I can tell you, though, that even beginning this process of exploration has forced me to dig deep into myself, to explore my feelings and preconceptions and fantasies and expectations, And, quite frankly, it's been cathartic. I have had an incredible ego boost and feel so much more empowered that even 2 weeks ago.

So, looking back at my attempts at dating - through the internet, through friend introductions, through meeting on the bar scene - I have never once entered a relationship with such clear, mutual expectations of what is to come, or with such an intimate understanding and trust of the other party. I still know very little about him, so to say I trust him still seems odd, but I do.

Where will this all lead? We're not even really considering this dating. This is 2 friends having consensual sex. I'm trying hard not to make wild speculations, but I'm keeping my options open. For now - at least the sex is going to be interesting!

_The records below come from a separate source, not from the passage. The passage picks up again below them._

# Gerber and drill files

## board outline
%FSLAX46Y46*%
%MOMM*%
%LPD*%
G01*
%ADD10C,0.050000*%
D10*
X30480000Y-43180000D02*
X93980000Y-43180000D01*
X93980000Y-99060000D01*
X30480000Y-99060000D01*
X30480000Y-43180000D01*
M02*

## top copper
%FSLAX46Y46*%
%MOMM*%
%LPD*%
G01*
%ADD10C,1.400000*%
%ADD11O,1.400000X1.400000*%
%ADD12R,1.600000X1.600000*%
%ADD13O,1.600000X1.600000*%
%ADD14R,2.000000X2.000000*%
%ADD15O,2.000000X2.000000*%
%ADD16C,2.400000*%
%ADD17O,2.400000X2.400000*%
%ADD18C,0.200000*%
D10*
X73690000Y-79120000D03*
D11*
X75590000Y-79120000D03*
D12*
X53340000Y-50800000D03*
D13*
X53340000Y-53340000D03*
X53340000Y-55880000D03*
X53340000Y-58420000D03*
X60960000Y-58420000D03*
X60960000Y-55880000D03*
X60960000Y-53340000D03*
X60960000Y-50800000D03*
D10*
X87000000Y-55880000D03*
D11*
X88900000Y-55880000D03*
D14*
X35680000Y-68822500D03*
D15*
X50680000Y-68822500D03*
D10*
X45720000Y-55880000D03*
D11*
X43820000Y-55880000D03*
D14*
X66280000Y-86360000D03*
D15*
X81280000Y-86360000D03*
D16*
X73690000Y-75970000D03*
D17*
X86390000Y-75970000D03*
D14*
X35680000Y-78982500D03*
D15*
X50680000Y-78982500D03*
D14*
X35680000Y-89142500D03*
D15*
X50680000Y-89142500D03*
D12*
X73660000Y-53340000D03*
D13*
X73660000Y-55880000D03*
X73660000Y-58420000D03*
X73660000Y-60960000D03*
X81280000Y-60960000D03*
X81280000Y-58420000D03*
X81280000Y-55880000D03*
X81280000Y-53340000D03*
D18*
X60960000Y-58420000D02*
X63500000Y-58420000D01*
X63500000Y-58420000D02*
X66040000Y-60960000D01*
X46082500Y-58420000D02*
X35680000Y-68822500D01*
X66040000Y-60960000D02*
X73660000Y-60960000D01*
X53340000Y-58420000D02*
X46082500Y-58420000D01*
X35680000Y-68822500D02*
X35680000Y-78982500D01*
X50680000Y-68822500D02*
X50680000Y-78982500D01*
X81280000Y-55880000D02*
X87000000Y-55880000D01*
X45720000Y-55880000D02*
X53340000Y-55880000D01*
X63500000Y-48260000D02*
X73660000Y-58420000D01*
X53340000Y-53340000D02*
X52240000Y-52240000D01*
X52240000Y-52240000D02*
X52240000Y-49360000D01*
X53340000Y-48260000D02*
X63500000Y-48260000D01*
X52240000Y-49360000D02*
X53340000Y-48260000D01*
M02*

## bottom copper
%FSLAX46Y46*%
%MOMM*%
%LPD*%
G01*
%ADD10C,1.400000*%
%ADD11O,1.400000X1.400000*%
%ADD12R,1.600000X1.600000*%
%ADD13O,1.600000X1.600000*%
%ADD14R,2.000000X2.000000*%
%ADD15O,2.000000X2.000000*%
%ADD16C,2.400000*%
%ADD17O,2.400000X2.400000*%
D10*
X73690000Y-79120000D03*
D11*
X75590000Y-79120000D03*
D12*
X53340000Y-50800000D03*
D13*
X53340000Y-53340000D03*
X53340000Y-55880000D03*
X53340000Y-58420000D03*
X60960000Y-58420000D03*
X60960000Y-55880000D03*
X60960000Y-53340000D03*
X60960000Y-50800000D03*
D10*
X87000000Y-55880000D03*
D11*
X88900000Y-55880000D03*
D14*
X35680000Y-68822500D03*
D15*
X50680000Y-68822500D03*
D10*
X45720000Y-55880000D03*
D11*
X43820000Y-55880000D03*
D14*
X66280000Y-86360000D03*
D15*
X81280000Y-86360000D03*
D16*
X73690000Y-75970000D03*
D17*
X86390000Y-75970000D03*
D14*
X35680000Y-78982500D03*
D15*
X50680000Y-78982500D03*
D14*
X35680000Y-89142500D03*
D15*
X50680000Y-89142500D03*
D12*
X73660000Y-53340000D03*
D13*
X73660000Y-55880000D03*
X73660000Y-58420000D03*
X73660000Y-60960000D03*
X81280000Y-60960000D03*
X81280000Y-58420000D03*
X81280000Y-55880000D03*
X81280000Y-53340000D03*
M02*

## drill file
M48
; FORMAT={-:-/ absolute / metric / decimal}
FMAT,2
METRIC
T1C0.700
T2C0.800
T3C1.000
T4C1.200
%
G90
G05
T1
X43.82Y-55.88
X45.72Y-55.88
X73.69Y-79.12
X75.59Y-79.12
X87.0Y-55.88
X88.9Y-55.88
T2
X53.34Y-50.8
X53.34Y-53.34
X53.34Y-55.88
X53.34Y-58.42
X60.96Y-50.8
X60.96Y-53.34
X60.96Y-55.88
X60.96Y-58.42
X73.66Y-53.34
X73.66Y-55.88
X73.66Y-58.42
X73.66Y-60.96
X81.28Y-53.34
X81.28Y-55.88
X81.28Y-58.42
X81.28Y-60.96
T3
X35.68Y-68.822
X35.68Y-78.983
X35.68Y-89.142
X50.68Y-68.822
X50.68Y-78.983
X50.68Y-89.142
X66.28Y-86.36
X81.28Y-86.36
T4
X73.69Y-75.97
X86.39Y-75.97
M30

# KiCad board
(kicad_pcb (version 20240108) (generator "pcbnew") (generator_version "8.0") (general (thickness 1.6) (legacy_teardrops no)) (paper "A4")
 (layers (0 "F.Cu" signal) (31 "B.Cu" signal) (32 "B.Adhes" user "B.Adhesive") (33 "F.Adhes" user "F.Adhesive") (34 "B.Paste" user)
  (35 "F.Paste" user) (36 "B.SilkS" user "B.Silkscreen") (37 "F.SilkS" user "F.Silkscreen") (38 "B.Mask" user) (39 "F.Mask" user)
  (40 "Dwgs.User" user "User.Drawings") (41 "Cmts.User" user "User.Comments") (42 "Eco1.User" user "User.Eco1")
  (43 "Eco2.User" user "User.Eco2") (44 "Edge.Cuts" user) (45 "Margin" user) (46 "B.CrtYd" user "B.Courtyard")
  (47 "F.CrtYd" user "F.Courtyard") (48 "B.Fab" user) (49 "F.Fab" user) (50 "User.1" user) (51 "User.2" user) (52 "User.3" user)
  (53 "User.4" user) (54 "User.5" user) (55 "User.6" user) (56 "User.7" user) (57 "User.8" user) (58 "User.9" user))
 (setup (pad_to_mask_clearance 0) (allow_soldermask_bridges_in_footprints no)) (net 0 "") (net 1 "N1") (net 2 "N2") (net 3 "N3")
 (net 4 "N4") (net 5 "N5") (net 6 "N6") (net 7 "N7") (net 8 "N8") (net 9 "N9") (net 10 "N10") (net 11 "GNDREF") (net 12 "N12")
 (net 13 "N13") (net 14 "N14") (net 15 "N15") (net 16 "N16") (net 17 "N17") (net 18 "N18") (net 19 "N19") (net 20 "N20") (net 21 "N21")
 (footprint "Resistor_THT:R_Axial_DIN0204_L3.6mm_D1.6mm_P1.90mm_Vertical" (layer "F.Cu") (at 73.69 79.12)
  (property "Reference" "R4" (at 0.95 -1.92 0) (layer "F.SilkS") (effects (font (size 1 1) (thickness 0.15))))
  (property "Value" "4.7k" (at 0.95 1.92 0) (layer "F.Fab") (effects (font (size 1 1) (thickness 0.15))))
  (pad "1" thru_hole circle (at 0 0) (size 1.4 1.4) (drill 0.7) (layers "*.Cu" "*.Mask") (remove_unused_layers no) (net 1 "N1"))
  (pad "2" thru_hole oval (at 1.9 0) (size 1.4 1.4) (drill 0.7) (layers "*.Cu" "*.Mask") (remove_unused_layers no) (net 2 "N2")))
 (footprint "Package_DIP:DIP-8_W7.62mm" (layer "F.Cu") (at 53.34 50.8)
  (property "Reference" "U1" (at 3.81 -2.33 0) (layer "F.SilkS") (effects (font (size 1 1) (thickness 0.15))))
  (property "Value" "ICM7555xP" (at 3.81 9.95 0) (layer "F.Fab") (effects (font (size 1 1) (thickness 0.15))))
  (pad "1" thru_hole rect (at 0 0) (size 1.6 1.6) (drill 0.8) (layers "*.Cu" "*.Mask") (remove_unused_layers no) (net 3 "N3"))
  (pad "2" thru_hole oval (at 0 2.54) (size 1.6 1.6) (drill 0.8) (layers "*.Cu" "*.Mask") (remove_unused_layers no) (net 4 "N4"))
  (pad "3" thru_hole oval (at 0 5.08) (size 1.6 1.6) (drill 0.8) (layers "*.Cu" "*.Mask") (remove_unused_layers no) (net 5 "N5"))
  (pad "4" thru_hole oval (at 0 7.62) (size 1.6 1.6) (drill 0.8) (layers "*.Cu" "*.Mask") (remove_unused_layers no) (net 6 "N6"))
  (pad "5" thru_hole oval (at 7.62 7.62) (size 1.6 1.6) (drill 0.8) (layers "*.Cu" "*.Mask") (remove_unused_layers no) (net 6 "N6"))
  (pad "6" thru_hole oval (at 7.62 5.08) (size 1.6 1.6) (drill 0.8) (layers "*.Cu" "*.Mask") (remove_unused_layers no) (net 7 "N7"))
  (pad "7" thru_hole oval (at 7.62 2.54) (size 1.6 1.6) (drill 0.8) (layers "*.Cu" "*.Mask") (remove_unused_layers no) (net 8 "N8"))
  (pad "8" thru_hole oval (at 7.62 0) (size 1.6 1.6) (drill 0.8) (layers "*.Cu" "*.Mask") (remove_unused_layers no) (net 6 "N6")))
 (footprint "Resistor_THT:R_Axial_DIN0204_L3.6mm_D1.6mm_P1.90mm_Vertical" (layer "F.Cu") (at 87 55.88)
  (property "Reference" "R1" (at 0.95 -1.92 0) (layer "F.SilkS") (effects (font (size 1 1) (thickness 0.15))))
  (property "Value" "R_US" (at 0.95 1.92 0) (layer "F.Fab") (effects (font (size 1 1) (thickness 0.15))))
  (pad "1" thru_hole circle (at 0 0) (size 1.4 1.4) (drill 0.7) (layers "*.Cu" "*.Mask") (remove_unused_layers no) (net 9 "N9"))
  (pad "2" thru_hole oval (at 1.9 0) (size 1.4 1.4) (drill 0.7) (layers "*.Cu" "*.Mask") (remove_unused_layers no) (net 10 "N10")))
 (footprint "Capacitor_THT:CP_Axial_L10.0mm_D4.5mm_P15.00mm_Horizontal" (layer "F.Cu") (at 35.68 68.8225)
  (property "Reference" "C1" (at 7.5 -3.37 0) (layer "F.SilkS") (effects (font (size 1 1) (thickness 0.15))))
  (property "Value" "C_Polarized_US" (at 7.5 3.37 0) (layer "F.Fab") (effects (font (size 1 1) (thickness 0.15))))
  (pad "1" thru_hole rect (at 0 0) (size 2 2) (drill 1) (layers "*.Cu" "*.Mask") (remove_unused_layers no) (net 6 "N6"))
  (pad "2" thru_hole oval (at 15 0) (size 2 2) (drill 1) (layers "*.Cu" "*.Mask") (remove_unused_layers no) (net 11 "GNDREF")))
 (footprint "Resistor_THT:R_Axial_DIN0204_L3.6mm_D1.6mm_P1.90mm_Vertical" (layer "F.Cu") (at 45.72 55.88 180)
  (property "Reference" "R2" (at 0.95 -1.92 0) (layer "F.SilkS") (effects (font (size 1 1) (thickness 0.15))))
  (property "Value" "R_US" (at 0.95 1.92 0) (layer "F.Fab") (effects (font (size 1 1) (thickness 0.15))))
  (pad "1" thru_hole circle (at 0 0 180) (size 1.4 1.4) (drill 0.7) (layers "*.Cu" "*.Mask") (remove_unused_layers no) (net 5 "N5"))
  (pad "2" thru_hole oval (at 1.9 0 180) (size 1.4 1.4) (drill 0.7) (layers "*.Cu" "*.Mask") (remove_unused_layers no) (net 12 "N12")))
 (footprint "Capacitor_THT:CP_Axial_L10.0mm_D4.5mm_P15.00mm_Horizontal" (layer "F.Cu") (at 66.28 86.36)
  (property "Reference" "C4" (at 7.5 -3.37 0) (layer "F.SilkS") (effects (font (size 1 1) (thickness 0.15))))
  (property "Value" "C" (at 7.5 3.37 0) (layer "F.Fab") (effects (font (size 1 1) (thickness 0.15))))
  (pad "1" thru_hole rect (at 0 0) (size 2 2) (drill 1) (layers "*.Cu" "*.Mask") (remove_unused_layers no) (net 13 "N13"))
  (pad "2" thru_hole oval (at 15 0) (size 2 2) (drill 1) (layers "*.Cu" "*.Mask") (remove_unused_layers no) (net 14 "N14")))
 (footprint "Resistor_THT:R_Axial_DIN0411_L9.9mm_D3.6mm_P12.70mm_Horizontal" (layer "F.Cu") (at 73.69 75.97)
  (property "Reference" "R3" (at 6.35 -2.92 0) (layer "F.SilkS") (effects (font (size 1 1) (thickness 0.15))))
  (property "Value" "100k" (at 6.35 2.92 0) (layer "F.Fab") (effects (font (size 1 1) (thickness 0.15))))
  (pad "1" thru_hole circle (at 0 0) (size 2.4 2.4) (drill 1.2) (layers "*.Cu" "*.Mask") (remove_unused_layers no) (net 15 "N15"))
  (pad "2" thru_hole oval (at 12.7 0) (size 2.4 2.4) (drill 1.2) (layers "*.Cu" "*.Mask") (remove_unused_layers no) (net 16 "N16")))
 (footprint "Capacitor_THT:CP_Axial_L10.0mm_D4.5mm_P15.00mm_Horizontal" (layer "F.Cu") (at 35.68 78.9825)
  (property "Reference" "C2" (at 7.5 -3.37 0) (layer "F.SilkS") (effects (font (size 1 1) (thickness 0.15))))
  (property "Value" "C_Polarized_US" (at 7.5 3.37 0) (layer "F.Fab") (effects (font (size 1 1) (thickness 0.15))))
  (pad "1" thru_hole rect (at 0 0) (size 2 2) (drill 1) (layers "*.Cu" "*.Mask") (remove_unused_layers no) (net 6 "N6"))
  (pad "2" thru_hole oval (at 15 0) (size 2 2) (drill 1) (layers "*.Cu" "*.Mask") (remove_unused_layers no) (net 11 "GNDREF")))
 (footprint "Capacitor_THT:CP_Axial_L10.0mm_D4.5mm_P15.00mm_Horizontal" (layer "F.Cu") (at 35.68 89.1425)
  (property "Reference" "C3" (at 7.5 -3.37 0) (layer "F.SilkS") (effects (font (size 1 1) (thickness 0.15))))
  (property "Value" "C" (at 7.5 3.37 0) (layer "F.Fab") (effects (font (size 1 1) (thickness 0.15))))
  (pad "1" thru_hole rect (at 0 0) (size 2 2) (drill 1) (layers "*.Cu" "*.Mask") (remove_unused_layers no) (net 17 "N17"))
  (pad "2" thru_hole oval (at 15 0) (size 2 2) (drill 1) (layers "*.Cu" "*.Mask") (remove_unused_layers no) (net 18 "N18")))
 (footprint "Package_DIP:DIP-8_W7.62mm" (layer "F.Cu") (at 73.66 53.34)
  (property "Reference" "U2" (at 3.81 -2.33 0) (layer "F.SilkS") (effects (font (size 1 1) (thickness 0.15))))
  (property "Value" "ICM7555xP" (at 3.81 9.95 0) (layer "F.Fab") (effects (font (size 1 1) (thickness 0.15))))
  (pad "1" thru_hole rect (at 0 0) (size 1.6 1.6) (drill 0.8) (layers "*.Cu" "*.Mask") (remove_unused_layers no) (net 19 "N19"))
  (pad "2" thru_hole oval (at 0 2.54) (size 1.6 1.6) (drill 0.8) (layers "*.Cu" "*.Mask") (remove_unused_layers no) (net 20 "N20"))
  (pad "3" thru_hole oval (at 0 5.08) (size 1.6 1.6) (drill 0.8) (layers "*.Cu" "*.Mask") (remove_unused_layers no) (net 4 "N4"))
  (pad "4" thru_hole oval (at 0 7.62) (size 1.6 1.6) (drill 0.8) (layers "*.Cu" "*.Mask") (remove_unused_layers no) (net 6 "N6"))
  (pad "5" thru_hole oval (at 7.62 7.62) (size 1.6 1.6) (drill 0.8) (layers "*.Cu" "*.Mask") (remove_unused_layers no) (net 6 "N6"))
  (pad "6" thru_hole oval (at 7.62 5.08) (size 1.6 1.6) (drill 0.8) (layers "*.Cu" "*.Mask") (remove_unused_layers no) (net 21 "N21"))
  (pad "7" thru_hole oval (at 7.62 2.54) (size 1.6 1.6) (drill 0.8) (layers "*.Cu" "*.Mask") (remove_unused_layers no) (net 9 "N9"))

Speaking of sex..... The whole reason for that big wordy introduction was I felt that what will follow deserved some explanation. What Loki and I are planning to peruse is a form of D/s that, for now, involves role play where the sub is a dog and the Domme is the owner or master. This may be mind stretching for some of you, when we start throwing the sex acts in there. This is not AT ALL about bestiality. This is consensual sex between adults, one of whom likes to play at being a puppy.

That's it for the introduction. Now that all that boring stuff is over, the next blog will begin to share some of our experiences and fantasies. I'll let you decide which are which.